The Star of the Frontier

by ritualofoak

Pollan, Michael.  2002.  The Botany of Desire.  pg. 3-58. Random House, Toronto, Canada.

Today I learned everything I didn’t know I wanted to know about the advent of apple culture in North America. I also learned a lot about Johnny Appleseed. A character in American mythology that doesn’t get the same kind of reverence in Canada as far as I know. I am, however, familiar with the tendency mankind has to sanctify it’s providers. Michael Pollan speaks at length about the contrasting pictures of John Chapman. One the Christian saint of the frontier. Fervent holy man, and tamer of the wild. The other, “the American Dionysus” (pg. 39) a more innocent and mild ‘child’ of the Greek icon. The sanctification doesn’t end with Chapman, however, Pollan explains that apples themselves have undergone a significant shift in public opinion in their time in North America.
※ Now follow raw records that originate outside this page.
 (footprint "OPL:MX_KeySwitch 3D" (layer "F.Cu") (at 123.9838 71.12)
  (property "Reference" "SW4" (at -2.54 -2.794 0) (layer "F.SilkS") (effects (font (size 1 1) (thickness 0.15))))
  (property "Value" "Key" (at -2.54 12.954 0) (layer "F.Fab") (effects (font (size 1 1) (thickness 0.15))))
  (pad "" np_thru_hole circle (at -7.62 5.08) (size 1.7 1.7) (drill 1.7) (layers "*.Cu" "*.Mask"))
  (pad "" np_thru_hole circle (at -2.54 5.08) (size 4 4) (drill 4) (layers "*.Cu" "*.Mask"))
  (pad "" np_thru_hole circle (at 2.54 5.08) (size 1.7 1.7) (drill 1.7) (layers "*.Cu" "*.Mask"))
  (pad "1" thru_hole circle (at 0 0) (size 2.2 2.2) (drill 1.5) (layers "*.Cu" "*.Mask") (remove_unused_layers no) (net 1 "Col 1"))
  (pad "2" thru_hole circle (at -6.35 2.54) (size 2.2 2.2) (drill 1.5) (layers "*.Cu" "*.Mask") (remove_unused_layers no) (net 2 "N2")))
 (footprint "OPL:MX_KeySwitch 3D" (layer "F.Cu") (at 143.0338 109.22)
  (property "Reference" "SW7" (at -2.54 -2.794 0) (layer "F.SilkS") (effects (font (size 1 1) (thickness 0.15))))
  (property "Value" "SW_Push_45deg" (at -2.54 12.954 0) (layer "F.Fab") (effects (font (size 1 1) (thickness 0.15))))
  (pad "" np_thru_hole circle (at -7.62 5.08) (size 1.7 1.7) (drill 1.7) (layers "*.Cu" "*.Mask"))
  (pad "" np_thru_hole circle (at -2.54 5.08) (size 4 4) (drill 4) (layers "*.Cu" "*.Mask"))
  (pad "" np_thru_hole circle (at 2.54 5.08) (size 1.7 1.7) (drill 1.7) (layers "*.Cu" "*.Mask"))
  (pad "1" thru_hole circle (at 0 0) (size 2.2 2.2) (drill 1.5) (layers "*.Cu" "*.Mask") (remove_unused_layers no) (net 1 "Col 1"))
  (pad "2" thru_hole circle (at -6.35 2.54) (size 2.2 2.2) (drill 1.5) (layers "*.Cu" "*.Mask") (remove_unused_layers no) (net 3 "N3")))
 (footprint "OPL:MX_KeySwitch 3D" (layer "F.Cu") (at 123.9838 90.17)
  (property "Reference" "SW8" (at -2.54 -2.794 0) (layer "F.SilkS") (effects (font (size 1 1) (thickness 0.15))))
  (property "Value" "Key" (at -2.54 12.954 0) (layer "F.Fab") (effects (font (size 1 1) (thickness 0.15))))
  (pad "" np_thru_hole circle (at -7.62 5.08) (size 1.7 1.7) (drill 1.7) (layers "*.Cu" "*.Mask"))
Apples weren’t always so generously thought of as doctor deterrent. An apple a day actually came about around the time of the prohibition as an attempt by apple farmers to save their livelihoods. The transition from primarily growing apples for cider to primarily growing apples for eating was partly a result of the prohibition era. Cider had served the frontier well when it provided something safe to drink, but as America moved towards civilization, apples needed to adapt again.
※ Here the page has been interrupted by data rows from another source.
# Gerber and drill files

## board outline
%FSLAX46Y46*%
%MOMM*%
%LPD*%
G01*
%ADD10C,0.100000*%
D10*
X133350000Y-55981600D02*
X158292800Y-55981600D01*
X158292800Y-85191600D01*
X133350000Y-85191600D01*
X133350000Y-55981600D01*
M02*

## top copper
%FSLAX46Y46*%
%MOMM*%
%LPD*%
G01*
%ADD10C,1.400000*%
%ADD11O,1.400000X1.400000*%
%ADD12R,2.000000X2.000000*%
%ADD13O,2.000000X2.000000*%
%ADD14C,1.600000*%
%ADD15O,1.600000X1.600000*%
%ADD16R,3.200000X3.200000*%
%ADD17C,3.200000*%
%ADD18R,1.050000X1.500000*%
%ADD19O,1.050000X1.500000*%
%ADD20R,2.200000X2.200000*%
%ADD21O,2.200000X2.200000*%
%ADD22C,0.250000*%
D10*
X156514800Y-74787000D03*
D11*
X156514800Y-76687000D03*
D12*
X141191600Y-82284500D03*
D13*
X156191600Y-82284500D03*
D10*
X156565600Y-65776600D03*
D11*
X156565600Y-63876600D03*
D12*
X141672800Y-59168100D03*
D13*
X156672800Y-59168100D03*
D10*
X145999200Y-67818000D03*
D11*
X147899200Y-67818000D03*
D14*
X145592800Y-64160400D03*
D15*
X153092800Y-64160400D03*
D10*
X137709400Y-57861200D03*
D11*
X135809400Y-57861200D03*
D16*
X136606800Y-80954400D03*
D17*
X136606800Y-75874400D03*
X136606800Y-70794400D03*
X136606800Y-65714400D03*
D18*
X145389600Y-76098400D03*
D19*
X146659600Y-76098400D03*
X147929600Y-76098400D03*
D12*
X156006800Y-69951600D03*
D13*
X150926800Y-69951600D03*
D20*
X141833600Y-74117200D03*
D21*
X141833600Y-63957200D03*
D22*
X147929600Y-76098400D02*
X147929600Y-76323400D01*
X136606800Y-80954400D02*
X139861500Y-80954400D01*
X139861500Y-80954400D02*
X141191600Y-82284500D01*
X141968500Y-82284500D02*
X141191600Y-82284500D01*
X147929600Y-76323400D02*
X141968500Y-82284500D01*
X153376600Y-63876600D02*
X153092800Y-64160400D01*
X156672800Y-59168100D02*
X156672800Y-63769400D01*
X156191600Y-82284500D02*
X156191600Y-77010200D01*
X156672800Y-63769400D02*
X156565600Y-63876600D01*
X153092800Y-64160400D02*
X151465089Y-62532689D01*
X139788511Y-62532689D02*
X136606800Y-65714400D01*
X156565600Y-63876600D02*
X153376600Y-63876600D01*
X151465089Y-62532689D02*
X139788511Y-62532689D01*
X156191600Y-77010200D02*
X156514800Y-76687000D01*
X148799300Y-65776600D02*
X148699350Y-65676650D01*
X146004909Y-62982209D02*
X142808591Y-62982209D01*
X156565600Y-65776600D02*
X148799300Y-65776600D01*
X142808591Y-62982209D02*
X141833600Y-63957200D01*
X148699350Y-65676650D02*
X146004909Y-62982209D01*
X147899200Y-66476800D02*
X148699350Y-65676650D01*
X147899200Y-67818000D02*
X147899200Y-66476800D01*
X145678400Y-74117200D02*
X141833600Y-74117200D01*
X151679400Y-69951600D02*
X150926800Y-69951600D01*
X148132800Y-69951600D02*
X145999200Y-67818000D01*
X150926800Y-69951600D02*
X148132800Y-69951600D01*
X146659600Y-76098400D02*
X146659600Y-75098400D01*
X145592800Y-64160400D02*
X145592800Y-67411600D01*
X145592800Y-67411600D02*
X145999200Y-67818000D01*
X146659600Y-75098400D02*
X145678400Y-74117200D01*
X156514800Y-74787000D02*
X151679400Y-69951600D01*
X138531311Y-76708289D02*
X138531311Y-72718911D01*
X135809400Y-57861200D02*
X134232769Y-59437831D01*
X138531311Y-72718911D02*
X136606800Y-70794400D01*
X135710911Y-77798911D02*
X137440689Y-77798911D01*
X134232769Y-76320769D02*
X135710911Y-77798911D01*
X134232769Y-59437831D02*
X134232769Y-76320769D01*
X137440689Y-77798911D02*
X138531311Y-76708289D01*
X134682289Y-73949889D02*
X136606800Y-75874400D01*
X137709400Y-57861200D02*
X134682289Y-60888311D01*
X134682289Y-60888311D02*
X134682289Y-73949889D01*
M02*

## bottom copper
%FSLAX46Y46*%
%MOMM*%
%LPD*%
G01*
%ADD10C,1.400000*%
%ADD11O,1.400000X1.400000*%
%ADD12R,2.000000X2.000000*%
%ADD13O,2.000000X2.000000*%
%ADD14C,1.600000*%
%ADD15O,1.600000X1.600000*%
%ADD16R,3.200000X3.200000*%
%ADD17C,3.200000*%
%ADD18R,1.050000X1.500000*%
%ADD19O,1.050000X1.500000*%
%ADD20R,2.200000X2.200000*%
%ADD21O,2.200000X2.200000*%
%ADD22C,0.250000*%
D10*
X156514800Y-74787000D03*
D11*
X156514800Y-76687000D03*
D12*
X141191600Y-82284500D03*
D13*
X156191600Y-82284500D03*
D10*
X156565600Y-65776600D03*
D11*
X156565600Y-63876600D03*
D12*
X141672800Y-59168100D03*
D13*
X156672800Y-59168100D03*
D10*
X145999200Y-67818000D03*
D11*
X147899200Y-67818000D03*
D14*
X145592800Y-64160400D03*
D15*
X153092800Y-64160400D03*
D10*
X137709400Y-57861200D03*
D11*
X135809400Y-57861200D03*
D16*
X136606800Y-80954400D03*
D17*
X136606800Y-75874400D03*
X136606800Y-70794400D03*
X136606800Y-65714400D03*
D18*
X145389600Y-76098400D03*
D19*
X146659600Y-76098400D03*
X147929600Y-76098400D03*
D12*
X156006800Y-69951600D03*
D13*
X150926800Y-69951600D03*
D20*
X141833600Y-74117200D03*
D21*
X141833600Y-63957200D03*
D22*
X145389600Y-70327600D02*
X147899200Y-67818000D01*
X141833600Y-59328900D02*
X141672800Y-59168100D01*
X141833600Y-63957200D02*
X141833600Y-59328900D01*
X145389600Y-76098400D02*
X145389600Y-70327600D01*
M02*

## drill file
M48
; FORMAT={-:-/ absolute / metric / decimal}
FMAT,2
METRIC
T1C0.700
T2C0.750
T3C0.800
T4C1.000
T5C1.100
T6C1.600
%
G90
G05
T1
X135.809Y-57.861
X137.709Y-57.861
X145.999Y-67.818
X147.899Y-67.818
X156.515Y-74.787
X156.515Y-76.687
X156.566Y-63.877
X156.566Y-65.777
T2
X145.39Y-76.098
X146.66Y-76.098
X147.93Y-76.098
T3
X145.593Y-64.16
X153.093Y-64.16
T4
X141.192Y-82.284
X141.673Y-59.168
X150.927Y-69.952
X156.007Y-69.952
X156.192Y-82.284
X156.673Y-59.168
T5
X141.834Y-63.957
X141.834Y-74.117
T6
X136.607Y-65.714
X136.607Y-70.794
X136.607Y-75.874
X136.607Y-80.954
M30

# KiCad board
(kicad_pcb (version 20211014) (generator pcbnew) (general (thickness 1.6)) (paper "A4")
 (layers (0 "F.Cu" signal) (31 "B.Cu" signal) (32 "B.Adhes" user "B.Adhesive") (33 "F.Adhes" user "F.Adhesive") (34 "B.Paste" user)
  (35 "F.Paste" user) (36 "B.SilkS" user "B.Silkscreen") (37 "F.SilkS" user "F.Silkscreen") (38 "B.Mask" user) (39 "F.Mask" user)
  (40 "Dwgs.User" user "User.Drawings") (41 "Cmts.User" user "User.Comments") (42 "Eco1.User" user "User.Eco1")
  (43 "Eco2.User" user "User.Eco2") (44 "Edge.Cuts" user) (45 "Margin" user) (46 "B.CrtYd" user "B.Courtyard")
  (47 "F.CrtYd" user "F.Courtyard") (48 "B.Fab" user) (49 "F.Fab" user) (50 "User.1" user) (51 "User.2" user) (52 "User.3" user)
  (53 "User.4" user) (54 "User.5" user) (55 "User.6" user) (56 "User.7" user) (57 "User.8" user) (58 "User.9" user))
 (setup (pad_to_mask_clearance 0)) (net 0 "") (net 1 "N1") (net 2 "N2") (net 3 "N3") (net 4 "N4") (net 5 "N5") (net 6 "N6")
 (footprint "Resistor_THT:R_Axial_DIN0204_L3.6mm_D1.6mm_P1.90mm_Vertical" (layer "F.Cu") (at 156.5148 74.787 -90)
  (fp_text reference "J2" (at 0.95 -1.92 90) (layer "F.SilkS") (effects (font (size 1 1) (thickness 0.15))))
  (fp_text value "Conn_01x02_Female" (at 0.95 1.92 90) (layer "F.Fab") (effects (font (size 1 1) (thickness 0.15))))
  (pad "1" thru_hole circle locked (at 0 0 270) (size 1.4 1.4) (drill 0.7) (layers *.Cu *.Mask) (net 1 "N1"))
  (pad "2" thru_hole oval locked (at 1.9 0 270) (size 1.4 1.4) (drill 0.7) (layers *.Cu *.Mask) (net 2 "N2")))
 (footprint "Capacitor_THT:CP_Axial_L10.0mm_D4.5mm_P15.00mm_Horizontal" (layer "F.Cu") (at 141.1916 82.2845)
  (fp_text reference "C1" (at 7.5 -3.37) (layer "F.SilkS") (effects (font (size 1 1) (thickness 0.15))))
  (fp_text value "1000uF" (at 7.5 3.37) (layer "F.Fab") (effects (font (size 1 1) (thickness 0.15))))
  (pad "1" thru_hole rect locked (at 0 0) (size 2 2) (drill 1) (layers *.Cu *.Mask) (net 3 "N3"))
  (pad "2" thru_hole oval locked (at 15 0) (size 2 2) (drill 1) (layers *.Cu *.Mask) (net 2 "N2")))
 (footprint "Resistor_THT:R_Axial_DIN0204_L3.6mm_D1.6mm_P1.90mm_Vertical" (layer "F.Cu") (at 156.5656 65.7766 90)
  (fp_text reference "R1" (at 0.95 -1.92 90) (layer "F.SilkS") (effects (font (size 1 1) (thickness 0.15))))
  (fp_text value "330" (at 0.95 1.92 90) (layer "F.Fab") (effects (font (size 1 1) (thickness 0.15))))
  (pad "1" thru_hole circle locked (at 0 0 90) (size 1.4 1.4) (drill 0.7) (layers *.Cu *.Mask) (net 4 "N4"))
  (pad "2" thru_hole oval locked (at 1.9 0 90) (size 1.4 1.4) (drill 0.7) (layers *.Cu *.Mask) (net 2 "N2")))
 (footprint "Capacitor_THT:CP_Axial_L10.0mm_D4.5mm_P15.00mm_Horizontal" (layer "F.Cu") (at 141.6728 59.1681)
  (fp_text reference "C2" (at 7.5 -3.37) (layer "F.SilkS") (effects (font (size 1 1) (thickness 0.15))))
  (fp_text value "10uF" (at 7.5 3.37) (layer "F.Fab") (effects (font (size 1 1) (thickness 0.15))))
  (pad "1" thru_hole rect locked (at 0 0) (size 2 2) (drill 1) (layers *.Cu *.Mask) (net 4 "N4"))
  (pad "2" thru_hole oval locked (at 15 0) (size 2 2) (drill 1) (layers *.Cu *.Mask) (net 2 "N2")))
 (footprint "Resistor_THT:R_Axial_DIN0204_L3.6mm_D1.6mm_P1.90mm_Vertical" (layer "F.Cu") (at 145.9992 67.818)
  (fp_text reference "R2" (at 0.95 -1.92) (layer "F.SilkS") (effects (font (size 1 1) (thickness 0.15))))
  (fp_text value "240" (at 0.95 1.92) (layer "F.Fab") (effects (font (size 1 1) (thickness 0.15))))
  (pad "1" thru_hole circle locked (at 0 0) (size 1.4 1.4) (drill 0.7) (layers *.Cu *.Mask) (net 1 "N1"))
  (pad "2" thru_hole oval locked (at 1.9 0) (size 1.4 1.4) (drill 0.7) (layers *.Cu *.Mask) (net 4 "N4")))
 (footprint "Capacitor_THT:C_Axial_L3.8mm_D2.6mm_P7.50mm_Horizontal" (layer "F.Cu") (at 145.5928 64.1604)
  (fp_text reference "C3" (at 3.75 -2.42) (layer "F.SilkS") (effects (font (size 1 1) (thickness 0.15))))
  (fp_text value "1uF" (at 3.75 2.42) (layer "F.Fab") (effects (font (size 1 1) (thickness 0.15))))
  (pad "1" thru_hole circle locked (at 0 0) (size 1.6 1.6) (drill 0.8) (layers *.Cu *.Mask) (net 1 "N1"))
  (pad "2" thru_hole oval locked (at 7.5 0) (size 1.6 1.6) (drill 0.8) (layers *.Cu *.Mask) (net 2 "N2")))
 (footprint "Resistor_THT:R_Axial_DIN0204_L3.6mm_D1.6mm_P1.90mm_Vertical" (layer "F.Cu") (at 137.7094 57.8612 180)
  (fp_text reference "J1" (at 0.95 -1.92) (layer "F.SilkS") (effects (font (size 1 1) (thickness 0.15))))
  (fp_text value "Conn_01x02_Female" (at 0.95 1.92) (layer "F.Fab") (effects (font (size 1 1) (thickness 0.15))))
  (pad "1" thru_hole circle locked (at 0 0 180) (size 1.4 1.4) (drill 0.7) (layers *.Cu *.Mask) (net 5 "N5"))
  (pad "2" thru_hole oval locked (at 1.9 0 180) (size 1.4 1.4) (drill 0.7) (layers *.Cu *.Mask) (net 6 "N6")))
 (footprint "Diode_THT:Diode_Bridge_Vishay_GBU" (layer "F.Cu") (at 136.6068 80.9544 90)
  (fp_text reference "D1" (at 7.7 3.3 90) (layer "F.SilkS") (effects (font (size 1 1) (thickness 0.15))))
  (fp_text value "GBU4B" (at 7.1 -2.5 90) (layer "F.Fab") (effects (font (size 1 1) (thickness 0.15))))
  (pad "1" thru_hole rect locked (at 0 0 90) (size 3.2 3.2) (drill 1.6) (layers *.Cu *.Mask) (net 3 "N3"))
  (pad "2" thru_hole circle locked (at 5.08 0 90) (size 3.2 3.2) (drill 1.6) (layers *.Cu *.Mask) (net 5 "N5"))
  (pad "3" thru_hole circle locked (at 10.16 0 90) (size 3.2 3.2) (drill 1.6) (layers *.Cu *.Mask) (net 6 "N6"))
  (pad "4" thru_hole circle locked (at 15.24 0 90) (size 3.2 3.2) (drill 1.6) (layers *.Cu *.Mask) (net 2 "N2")))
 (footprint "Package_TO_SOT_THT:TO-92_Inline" (layer "F.Cu") (at 145.3896 76.0984)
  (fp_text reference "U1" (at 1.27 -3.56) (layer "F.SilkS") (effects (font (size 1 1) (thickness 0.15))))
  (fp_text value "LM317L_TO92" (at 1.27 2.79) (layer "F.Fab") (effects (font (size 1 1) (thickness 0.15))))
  (pad "1" thru_hole rect locked (at 0 0) (size 1.05 1.5) (drill 0.75) (layers *.Cu *.Mask) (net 4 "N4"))
  (pad "2" thru_hole oval locked (at 1.27 0) (size 1.05 1.5) (drill 0.75) (layers *.Cu *.Mask) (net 1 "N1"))
  (pad "3" thru_hole oval locked (at 2.54 0) (size 1.05 1.5) (drill 0.75) (layers *.Cu *.Mask) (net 3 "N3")))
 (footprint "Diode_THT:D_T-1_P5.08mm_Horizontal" (layer "F.Cu") (at 156.0068 69.9516 180)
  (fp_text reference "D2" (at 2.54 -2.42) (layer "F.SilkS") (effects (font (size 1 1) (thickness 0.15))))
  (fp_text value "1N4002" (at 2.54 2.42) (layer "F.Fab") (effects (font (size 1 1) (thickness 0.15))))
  (pad "1" thru_hole rect locked (at 0 0 180) (size 2 2) (drill 1) (layers *.Cu *.Mask) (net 3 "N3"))
  (pad "2" thru_hole oval locked (at 5.08 0 180) (size 2 2) (drill 1) (layers *.Cu *.Mask) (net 1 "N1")))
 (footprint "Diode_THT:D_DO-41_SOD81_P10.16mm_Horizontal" (layer "F.Cu") (at 141.8336 74.1172 90)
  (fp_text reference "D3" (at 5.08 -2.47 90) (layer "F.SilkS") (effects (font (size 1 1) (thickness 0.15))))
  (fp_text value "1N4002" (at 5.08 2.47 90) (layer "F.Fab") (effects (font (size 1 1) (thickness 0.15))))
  (pad "1" thru_hole rect locked (at 0 0 90) (size 2.2 2.2) (drill 1.1) (layers *.Cu *.Mask) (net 1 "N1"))
  (pad "2" thru_hole oval locked (at 10.16 0 90) (size 2.2 2.2) (drill 1.1) (layers *.Cu *.Mask) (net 4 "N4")))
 (gr_rect (start 158.2928 55.9816) (end 133.35 85.1916) (layer "Edge.Cuts") (width 0.1) (fill none))
 (segment (start 147.9296 76.0984) (end 147.9296 76.3234) (width 0.25) (layer "F.Cu") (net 3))
 (segment (start 136.6068 80.9544) (end 139.8615 80.9544) (width 0.25) (layer "F.Cu") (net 3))
 (segment (start 139.8615 80.9544) (end 141.1916 82.2845) (width 0.25) (layer "F.Cu") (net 3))
 (segment (start 141.9685 82.2845) (end 141.1916 82.2845) (width 0.25) (layer "F.Cu") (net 3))
 (segment (start 147.9296 76.3234) (end 141.9685 82.2845) (width 0.25) (layer "F.Cu") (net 3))
 (segment (start 153.3766 63.8766) (end 153.0928 64.1604) (width 0.25) (layer "F.Cu") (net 2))
 (segment (start 156.6728 59.1681) (end 156.6728 63.7694) (width 0.25) (layer "F.Cu") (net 2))
 (segment (start 156.1916 82.2845) (end 156.1916 77.0102) (width 0.25) (layer "F.Cu") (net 2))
Pollan talks about how John Chapman was able to make a big difference on the frontier by planting apples the way that he did. Since he was planting seeds with the intention of selling orchards to new coming settlers genetic diversity among the apple orchards flourished. This allowed the apple trees to adapt to the new world, to become American in their own right. In fact Pollan mentions that apples became so important to the frontier, and then further to North American civilization that they recieved a treatment like no other fruit. “How many other fruits do we call by their Christian names?” (pg. 47) That struck a tone with me. Apples had become so important to us that they were worthy of names.

I really enjoyed this reading as Pollan really does have a special way with dragging me into his stories. When I first opened up the chapter and realized how much of it would be dedicated to Johnny Appleseed, I sighed and thought that maybe I would write this post on the chapter later on in the book about the potato. Yet, as I closed the last page of the first chapter, I had come to realize the significance of this hardy fruit.

And to be quite frank, had developed a desire on my tongue for a little bit of that sweet cider.